Yusuf Ziya DÖGER
Birinci Dünya Savaşı sırasında Rusya’da meydana gelen “Bolşevik Devrimi” savaş öncesi yapılması planlanan paylaşımları suya düşürdü. Sömürgeleştirme planlamasında aynı cephede yer alan İngiltere ve Rusya’nın farklılaşması yeni tutumların sergilenmesine neden oldu. Türkiye, İran ve Afganistan çizgisinde daha önce sömürgeleştirilmeleri düşünülen alanlarda zorunluluk gereği bağımsız devletlerin kurulmasına göz yumuldu. Ancak bir farkla, bu alanlarda kurulan devletlerin Militarist ve monist anlayışa dayalı olmaları esas alındı.

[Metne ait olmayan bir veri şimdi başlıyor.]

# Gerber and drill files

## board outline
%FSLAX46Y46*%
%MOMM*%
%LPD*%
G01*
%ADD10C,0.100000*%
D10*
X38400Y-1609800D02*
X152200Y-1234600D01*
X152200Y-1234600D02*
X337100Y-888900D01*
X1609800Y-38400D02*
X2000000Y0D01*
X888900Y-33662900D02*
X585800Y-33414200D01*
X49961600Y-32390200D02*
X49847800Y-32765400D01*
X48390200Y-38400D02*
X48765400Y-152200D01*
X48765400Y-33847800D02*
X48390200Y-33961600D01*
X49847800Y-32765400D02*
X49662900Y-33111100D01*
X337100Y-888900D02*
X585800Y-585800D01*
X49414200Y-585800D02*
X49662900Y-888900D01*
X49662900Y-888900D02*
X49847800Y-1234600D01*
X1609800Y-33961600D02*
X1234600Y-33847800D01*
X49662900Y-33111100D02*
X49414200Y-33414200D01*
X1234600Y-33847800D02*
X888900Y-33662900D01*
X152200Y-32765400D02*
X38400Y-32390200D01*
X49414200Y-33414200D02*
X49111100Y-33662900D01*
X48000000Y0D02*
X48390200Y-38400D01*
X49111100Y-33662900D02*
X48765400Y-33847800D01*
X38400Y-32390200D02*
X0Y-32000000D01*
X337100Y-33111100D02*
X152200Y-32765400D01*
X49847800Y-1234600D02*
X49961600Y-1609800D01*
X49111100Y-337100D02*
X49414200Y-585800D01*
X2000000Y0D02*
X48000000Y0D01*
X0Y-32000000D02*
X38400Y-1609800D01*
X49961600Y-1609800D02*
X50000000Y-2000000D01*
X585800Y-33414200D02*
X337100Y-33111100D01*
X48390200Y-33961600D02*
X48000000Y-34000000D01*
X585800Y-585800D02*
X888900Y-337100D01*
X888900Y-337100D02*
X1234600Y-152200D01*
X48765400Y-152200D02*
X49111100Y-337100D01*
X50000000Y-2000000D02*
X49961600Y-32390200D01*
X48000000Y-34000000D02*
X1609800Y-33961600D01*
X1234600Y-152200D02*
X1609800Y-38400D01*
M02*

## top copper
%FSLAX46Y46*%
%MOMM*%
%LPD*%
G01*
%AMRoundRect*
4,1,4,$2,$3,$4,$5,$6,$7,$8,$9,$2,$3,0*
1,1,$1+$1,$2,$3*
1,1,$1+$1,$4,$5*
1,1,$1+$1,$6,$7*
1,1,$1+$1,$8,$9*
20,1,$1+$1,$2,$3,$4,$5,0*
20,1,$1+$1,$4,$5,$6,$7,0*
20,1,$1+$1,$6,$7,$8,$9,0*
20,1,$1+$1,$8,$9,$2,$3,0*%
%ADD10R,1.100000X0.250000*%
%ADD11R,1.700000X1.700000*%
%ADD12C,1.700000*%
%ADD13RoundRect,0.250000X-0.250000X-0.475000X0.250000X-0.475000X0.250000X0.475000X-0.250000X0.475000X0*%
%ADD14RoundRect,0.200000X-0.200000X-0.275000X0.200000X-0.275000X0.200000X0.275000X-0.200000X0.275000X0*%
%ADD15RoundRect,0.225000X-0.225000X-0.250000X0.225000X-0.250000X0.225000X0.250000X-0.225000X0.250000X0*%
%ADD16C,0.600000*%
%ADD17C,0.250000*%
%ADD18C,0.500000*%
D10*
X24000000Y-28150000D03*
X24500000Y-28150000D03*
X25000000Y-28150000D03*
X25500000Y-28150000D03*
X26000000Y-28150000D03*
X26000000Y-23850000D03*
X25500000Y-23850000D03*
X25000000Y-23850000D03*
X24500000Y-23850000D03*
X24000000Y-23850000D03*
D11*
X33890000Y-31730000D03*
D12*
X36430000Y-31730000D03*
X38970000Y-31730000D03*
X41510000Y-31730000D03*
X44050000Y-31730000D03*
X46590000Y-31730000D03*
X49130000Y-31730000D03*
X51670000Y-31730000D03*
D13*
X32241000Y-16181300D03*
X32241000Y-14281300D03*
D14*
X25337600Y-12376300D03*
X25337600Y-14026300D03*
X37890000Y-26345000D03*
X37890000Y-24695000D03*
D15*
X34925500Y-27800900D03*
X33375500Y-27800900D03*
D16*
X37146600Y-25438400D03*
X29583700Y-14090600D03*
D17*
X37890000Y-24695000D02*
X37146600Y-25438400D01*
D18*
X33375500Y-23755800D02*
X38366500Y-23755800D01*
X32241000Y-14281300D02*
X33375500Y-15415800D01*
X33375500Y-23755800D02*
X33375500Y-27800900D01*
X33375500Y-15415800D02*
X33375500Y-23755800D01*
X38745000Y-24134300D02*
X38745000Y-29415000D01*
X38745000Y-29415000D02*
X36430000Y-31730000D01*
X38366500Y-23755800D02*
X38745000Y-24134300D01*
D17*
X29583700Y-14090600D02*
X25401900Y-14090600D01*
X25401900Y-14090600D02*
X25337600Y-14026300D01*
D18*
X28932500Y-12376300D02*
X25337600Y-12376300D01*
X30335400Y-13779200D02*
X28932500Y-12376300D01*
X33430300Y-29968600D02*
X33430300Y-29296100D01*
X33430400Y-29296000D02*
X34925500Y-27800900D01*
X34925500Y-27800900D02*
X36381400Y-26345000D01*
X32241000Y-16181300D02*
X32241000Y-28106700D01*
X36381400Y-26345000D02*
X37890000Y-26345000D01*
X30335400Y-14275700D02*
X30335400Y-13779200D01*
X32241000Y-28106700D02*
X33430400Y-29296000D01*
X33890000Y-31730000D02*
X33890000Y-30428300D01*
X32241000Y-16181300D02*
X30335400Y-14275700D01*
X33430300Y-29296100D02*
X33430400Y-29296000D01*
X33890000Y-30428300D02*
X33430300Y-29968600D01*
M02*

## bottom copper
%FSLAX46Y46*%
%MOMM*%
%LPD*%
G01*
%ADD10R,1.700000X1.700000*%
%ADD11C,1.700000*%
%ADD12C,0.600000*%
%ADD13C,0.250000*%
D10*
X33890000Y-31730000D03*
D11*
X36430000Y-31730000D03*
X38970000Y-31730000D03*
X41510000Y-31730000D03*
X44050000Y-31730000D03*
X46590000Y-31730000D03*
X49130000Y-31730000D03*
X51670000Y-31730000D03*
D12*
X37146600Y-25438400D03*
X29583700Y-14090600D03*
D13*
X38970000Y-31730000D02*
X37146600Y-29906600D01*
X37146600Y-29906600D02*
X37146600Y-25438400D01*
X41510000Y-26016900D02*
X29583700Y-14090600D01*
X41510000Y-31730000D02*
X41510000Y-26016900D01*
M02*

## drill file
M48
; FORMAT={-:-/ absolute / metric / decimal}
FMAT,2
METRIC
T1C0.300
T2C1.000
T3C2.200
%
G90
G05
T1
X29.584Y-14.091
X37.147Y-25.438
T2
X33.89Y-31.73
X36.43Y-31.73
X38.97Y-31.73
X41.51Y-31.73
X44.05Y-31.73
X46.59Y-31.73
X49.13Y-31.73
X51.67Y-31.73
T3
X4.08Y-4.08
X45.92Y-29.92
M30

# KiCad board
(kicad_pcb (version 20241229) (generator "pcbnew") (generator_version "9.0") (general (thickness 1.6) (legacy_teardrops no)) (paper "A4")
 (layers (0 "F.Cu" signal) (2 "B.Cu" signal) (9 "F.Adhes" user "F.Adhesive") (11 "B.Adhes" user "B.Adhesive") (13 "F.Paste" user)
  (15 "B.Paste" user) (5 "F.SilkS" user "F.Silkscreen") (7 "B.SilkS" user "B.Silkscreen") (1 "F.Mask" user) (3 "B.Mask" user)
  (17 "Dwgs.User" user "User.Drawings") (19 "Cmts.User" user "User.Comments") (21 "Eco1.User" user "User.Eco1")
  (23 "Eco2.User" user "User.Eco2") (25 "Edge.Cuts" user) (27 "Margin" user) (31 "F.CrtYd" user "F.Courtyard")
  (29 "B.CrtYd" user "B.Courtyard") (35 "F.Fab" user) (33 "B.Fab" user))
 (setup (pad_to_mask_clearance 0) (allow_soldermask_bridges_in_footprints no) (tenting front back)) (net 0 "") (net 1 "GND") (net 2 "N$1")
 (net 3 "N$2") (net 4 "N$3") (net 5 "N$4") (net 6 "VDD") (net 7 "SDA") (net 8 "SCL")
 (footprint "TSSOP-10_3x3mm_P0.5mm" (layer "F.Cu") (at 25 26 90)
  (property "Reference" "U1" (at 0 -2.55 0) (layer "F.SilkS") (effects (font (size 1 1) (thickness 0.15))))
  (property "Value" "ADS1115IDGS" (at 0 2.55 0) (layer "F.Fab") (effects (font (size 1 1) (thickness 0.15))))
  (pad "1" smd rect (at -2.15 -1) (size 1.1 0.25) (layers "F.Cu" "F.Mask" "F.Paste") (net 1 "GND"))
  (pad "2" smd rect (at -2.15 -0.5) (size 1.1 0.25) (layers "F.Cu" "F.Mask" "F.Paste"))
  (pad "3" smd rect (at -2.15 0) (size 1.1 0.25) (layers "F.Cu" "F.Mask" "F.Paste") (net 1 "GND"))
  (pad "4" smd rect (at -2.15 0.5) (size 1.1 0.25) (layers "F.Cu" "F.Mask" "F.Paste") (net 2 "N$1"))
  (pad "5" smd rect (at -2.15 1) (size 1.1 0.25) (layers "F.Cu" "F.Mask" "F.Paste") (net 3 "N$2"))
  (pad "6" smd rect (at 2.15 1) (size 1.1 0.25) (layers "F.Cu" "F.Mask" "F.Paste") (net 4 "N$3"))
  (pad "7" smd rect (at 2.15 0.5) (size 1.1 0.25) (layers "F.Cu" "F.Mask" "F.Paste") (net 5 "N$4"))
  (pad "8" smd rect (at 2.15 0) (size 1.1 0.25) (layers "F.Cu" "F.Mask" "F.Paste") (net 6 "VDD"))
  (pad "9" smd rect (at 2.15 -0.5) (size 1.1 0.25) (layers "F.Cu" "F.Mask" "F.Paste") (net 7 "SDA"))
  (pad "10" smd rect (at 2.15 -1) (size 1.1 0.25) (layers "F.Cu" "F.Mask" "F.Paste") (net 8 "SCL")))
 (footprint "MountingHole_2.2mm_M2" (layer "F.Cu") (at 4.08 4.08)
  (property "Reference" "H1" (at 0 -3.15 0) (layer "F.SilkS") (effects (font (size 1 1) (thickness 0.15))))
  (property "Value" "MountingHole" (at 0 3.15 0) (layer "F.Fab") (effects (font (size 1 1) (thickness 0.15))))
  (pad "" np_thru_hole circle (at 0 0) (size 2.2 2.2) (drill 2.2) (layers "*.Cu" "*.Mask")))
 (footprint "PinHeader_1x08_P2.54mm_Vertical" (layer "F.Cu") (at 33.89 31.73 90)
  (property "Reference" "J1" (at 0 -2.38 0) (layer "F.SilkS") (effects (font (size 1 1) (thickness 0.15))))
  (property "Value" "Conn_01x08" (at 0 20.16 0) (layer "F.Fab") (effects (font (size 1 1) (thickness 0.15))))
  (pad "1" thru_hole rect (at 0 0) (size 1.7 1.7) (drill 1) (layers "*.Cu" "*.Mask") (remove_unused_layers no) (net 6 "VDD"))
  (pad "2" thru_hole circle (at 0 2.54) (size 1.7 1.7) (drill 1) (layers "*.Cu" "*.Mask") (remove_unused_layers no) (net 1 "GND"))
  (pad "3" thru_hole circle (at 0 5.08) (size 1.7 1.7) (drill 1) (layers "*.Cu" "*.Mask") (remove_unused_layers no) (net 7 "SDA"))
  (pad "4" thru_hole circle (at 0 7.62) (size 1.7 1.7) (drill 1) (layers "*.Cu" "*.Mask") (remove_unused_layers no) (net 8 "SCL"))
  (pad "5" thru_hole circle (at 0 10.16) (size 1.7 1.7) (drill 1) (layers "*.Cu" "*.Mask") (remove_unused_layers no) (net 2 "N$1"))
  (pad "6" thru_hole circle (at 0 12.7) (size 1.7 1.7) (drill 1) (layers "*.Cu" "*.Mask") (remove_unused_layers no) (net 3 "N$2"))
  (pad "7" thru_hole circle (at 0 15.24) (size 1.7 1.7) (drill 1) (layers "*.Cu" "*.Mask") (remove_unused_layers no) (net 4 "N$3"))
  (pad "8" thru_hole circle (at 0 17.78) (size 1.7 1.7) (drill 1) (layers "*.Cu" "*.Mask") (remove_unused_layers no) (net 5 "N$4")))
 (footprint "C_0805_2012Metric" (layer "F.Cu") (at 32.241 15.2313 90)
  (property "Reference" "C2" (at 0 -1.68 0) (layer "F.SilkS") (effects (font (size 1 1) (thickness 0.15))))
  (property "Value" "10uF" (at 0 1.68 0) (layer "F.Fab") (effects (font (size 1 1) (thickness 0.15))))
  (pad "1" smd roundrect (at -0.95 0) (size 1 1.45) (layers "F.Cu" "F.Mask" "F.Paste") (roundrect_rratio 0.25) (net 6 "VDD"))
  (pad "2" smd roundrect (at 0.95 0) (size 1 1.45) (layers "F.Cu" "F.Mask" "F.Paste") (roundrect_rratio 0.25) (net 1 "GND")))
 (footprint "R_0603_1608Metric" (layer "F.Cu") (at 25.3376 13.2013 -90)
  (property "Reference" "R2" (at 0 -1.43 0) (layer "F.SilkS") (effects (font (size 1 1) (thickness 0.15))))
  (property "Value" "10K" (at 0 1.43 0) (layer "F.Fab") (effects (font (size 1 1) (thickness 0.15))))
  (pad "1" smd roundrect (at -0.825 0) (size 0.8 0.95) (layers "F.Cu" "F.Mask" "F.Paste") (roundrect_rratio 0.25) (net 6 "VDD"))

Normalde sömürgeleştirmesi düşünülen bu devletlerin sınırları içinde kalan farklı etnik kökenlilere ait topraklar esas alınarak -sınır kabul edilerek- farklı devletlerarasında paylaştırılmıştı. Oysa ortaya çıkan yeni durum bu paylaşımı sekteye uğrattı. Bu nedenle söz konusu alanların ileride sorunlu kalması ve istenilen anda sorunun işlevselleştirilebilmesi (etkinlik kurabilmek) için bu alanlarda kurulmasına izin verilen militarist anlayışa dayalı devletlerarasında paylaşılmasına ses çıkarılmadı.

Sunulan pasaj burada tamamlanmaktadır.